Work instruction
Within the records below is a range that opens at the line with "4.92 0) (layer" and closes at the line with "(at 3.81 2.37". Return that range word for word, both ends included, and only that range.

--- Source data ---

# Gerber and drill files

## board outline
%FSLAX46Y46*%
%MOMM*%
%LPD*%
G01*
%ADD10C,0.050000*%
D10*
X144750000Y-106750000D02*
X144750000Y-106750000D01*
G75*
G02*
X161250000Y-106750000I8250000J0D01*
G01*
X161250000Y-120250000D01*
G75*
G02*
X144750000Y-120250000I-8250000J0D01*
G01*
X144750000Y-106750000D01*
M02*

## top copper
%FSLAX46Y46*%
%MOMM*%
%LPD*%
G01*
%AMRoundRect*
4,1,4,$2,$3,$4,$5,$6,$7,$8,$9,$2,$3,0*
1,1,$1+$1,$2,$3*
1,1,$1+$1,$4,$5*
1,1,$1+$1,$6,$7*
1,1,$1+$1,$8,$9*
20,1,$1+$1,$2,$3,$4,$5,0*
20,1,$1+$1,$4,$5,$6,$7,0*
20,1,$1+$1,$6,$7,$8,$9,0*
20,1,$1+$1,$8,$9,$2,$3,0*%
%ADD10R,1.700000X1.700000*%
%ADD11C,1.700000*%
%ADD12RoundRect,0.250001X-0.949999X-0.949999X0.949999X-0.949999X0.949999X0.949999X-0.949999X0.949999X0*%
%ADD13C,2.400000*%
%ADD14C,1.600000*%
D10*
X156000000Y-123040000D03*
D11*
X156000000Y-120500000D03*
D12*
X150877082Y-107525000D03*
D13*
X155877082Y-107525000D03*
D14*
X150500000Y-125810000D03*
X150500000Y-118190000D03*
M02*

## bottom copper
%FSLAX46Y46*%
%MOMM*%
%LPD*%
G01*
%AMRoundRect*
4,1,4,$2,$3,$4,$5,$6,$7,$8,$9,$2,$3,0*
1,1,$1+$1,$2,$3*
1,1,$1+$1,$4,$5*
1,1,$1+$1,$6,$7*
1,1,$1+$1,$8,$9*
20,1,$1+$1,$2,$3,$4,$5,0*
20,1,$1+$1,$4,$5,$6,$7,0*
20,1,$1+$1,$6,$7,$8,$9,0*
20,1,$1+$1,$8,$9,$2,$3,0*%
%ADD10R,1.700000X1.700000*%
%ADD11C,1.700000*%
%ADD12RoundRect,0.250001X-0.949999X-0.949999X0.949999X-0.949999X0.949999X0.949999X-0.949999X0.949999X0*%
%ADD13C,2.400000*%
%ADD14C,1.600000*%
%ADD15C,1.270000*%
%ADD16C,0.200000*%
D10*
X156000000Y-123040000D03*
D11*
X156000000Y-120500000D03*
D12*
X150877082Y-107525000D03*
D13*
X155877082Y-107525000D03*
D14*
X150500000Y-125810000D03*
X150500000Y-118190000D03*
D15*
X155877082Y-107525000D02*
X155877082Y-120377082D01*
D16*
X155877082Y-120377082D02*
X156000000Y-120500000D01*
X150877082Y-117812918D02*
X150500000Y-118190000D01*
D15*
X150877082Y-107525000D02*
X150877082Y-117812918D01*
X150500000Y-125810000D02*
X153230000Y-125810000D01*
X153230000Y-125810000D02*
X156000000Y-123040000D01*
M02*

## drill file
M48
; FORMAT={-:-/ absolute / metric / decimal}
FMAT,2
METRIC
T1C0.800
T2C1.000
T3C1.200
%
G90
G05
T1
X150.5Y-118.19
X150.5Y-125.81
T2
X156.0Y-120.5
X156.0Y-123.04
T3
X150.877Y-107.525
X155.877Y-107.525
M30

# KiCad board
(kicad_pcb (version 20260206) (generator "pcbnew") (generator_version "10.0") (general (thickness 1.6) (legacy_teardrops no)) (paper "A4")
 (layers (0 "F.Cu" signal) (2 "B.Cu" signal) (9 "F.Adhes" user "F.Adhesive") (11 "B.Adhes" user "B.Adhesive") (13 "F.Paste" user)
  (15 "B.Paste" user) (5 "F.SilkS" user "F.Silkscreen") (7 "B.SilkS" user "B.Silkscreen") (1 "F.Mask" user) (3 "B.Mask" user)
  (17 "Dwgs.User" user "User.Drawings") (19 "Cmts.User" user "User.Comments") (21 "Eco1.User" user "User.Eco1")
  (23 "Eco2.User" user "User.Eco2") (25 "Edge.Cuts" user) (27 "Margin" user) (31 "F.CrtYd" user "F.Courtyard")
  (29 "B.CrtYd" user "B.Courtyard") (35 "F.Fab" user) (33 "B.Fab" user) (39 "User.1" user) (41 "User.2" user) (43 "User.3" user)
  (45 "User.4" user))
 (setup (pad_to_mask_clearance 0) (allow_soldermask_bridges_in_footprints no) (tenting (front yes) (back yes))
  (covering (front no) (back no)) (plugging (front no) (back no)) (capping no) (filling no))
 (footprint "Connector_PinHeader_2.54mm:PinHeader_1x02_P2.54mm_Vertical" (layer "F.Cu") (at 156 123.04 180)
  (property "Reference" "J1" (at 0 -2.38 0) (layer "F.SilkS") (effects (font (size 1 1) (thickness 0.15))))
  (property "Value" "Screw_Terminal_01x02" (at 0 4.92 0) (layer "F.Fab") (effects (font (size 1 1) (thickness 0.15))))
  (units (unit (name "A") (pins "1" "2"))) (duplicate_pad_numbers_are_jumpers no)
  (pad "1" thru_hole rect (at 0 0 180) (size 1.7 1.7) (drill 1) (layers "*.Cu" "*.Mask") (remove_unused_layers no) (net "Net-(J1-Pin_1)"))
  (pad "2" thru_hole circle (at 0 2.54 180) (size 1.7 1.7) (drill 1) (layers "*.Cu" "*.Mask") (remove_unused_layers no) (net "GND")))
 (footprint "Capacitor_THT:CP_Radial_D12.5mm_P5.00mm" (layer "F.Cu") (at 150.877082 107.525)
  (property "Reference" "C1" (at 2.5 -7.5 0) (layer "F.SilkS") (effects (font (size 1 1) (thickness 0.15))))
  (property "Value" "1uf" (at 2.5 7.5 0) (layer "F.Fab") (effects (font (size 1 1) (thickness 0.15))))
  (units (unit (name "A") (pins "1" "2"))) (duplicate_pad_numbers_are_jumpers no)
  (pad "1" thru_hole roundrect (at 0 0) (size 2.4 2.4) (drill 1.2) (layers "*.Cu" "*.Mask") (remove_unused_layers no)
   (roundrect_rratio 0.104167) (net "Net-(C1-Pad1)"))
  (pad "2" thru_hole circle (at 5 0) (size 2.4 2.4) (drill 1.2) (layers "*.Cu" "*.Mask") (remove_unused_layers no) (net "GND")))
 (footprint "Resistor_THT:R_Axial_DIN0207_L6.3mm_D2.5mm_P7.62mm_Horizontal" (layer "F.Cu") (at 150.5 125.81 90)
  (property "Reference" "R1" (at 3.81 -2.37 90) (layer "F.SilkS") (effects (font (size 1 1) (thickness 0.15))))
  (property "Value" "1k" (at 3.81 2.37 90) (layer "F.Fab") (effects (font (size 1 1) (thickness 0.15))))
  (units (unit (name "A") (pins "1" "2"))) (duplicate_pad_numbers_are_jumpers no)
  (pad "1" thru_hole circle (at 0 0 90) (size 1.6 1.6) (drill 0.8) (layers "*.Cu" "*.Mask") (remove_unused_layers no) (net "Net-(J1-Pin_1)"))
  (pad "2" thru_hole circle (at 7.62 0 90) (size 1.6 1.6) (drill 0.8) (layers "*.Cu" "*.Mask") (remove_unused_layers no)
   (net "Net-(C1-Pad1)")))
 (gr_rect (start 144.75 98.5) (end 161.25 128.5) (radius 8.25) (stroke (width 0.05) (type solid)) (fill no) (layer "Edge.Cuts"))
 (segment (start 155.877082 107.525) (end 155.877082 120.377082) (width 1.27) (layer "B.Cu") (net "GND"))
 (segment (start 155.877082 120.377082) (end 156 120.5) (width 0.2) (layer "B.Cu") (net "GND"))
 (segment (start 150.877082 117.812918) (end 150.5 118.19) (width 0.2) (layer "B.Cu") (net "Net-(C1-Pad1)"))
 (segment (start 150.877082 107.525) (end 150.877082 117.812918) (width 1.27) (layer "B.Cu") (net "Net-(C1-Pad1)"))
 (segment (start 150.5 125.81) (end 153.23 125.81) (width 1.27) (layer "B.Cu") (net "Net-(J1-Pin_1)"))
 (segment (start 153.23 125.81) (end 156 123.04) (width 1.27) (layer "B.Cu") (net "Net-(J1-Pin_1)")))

---

Response area
  (property "Value" "Screw_Terminal_01x02" (at 0 4.92 0) (layer "F.Fab") (effects (font (size 1 1) (thickness 0.15))))
  (units (unit (name "A") (pins "1" "2"))) (duplicate_pad_numbers_are_jumpers no)
  (pad "1" thru_hole rect (at 0 0 180) (size 1.7 1.7) (drill 1) (layers "*.Cu" "*.Mask") (remove_unused_layers no) (net "Net-(J1-Pin_1)"))
  (pad "2" thru_hole circle (at 0 2.54 180) (size 1.7 1.7) (drill 1) (layers "*.Cu" "*.Mask") (remove_unused_layers no) (net "GND")))
 (footprint "Capacitor_THT:CP_Radial_D12.5mm_P5.00mm" (layer "F.Cu") (at 150.877082 107.525)
  (property "Reference" "C1" (at 2.5 -7.5 0) (layer "F.SilkS") (effects (font (size 1 1) (thickness 0.15))))
  (property "Value" "1uf" (at 2.5 7.5 0) (layer "F.Fab") (effects (font (size 1 1) (thickness 0.15))))
  (units (unit (name "A") (pins "1" "2"))) (duplicate_pad_numbers_are_jumpers no)
  (pad "1" thru_hole roundrect (at 0 0) (size 2.4 2.4) (drill 1.2) (layers "*.Cu" "*.Mask") (remove_unused_layers no)
   (roundrect_rratio 0.104167) (net "Net-(C1-Pad1)"))
  (pad "2" thru_hole circle (at 5 0) (size 2.4 2.4) (drill 1.2) (layers "*.Cu" "*.Mask") (remove_unused_layers no) (net "GND")))
 (footprint "Resistor_THT:R_Axial_DIN0207_L6.3mm_D2.5mm_P7.62mm_Horizontal" (layer "F.Cu") (at 150.5 125.81 90)
  (property "Reference" "R1" (at 3.81 -2.37 90) (layer "F.SilkS") (effects (font (size 1 1) (thickness 0.15))))
  (property "Value" "1k" (at 3.81 2.37 90) (layer "F.Fab") (effects (font (size 1 1) (thickness 0.15))))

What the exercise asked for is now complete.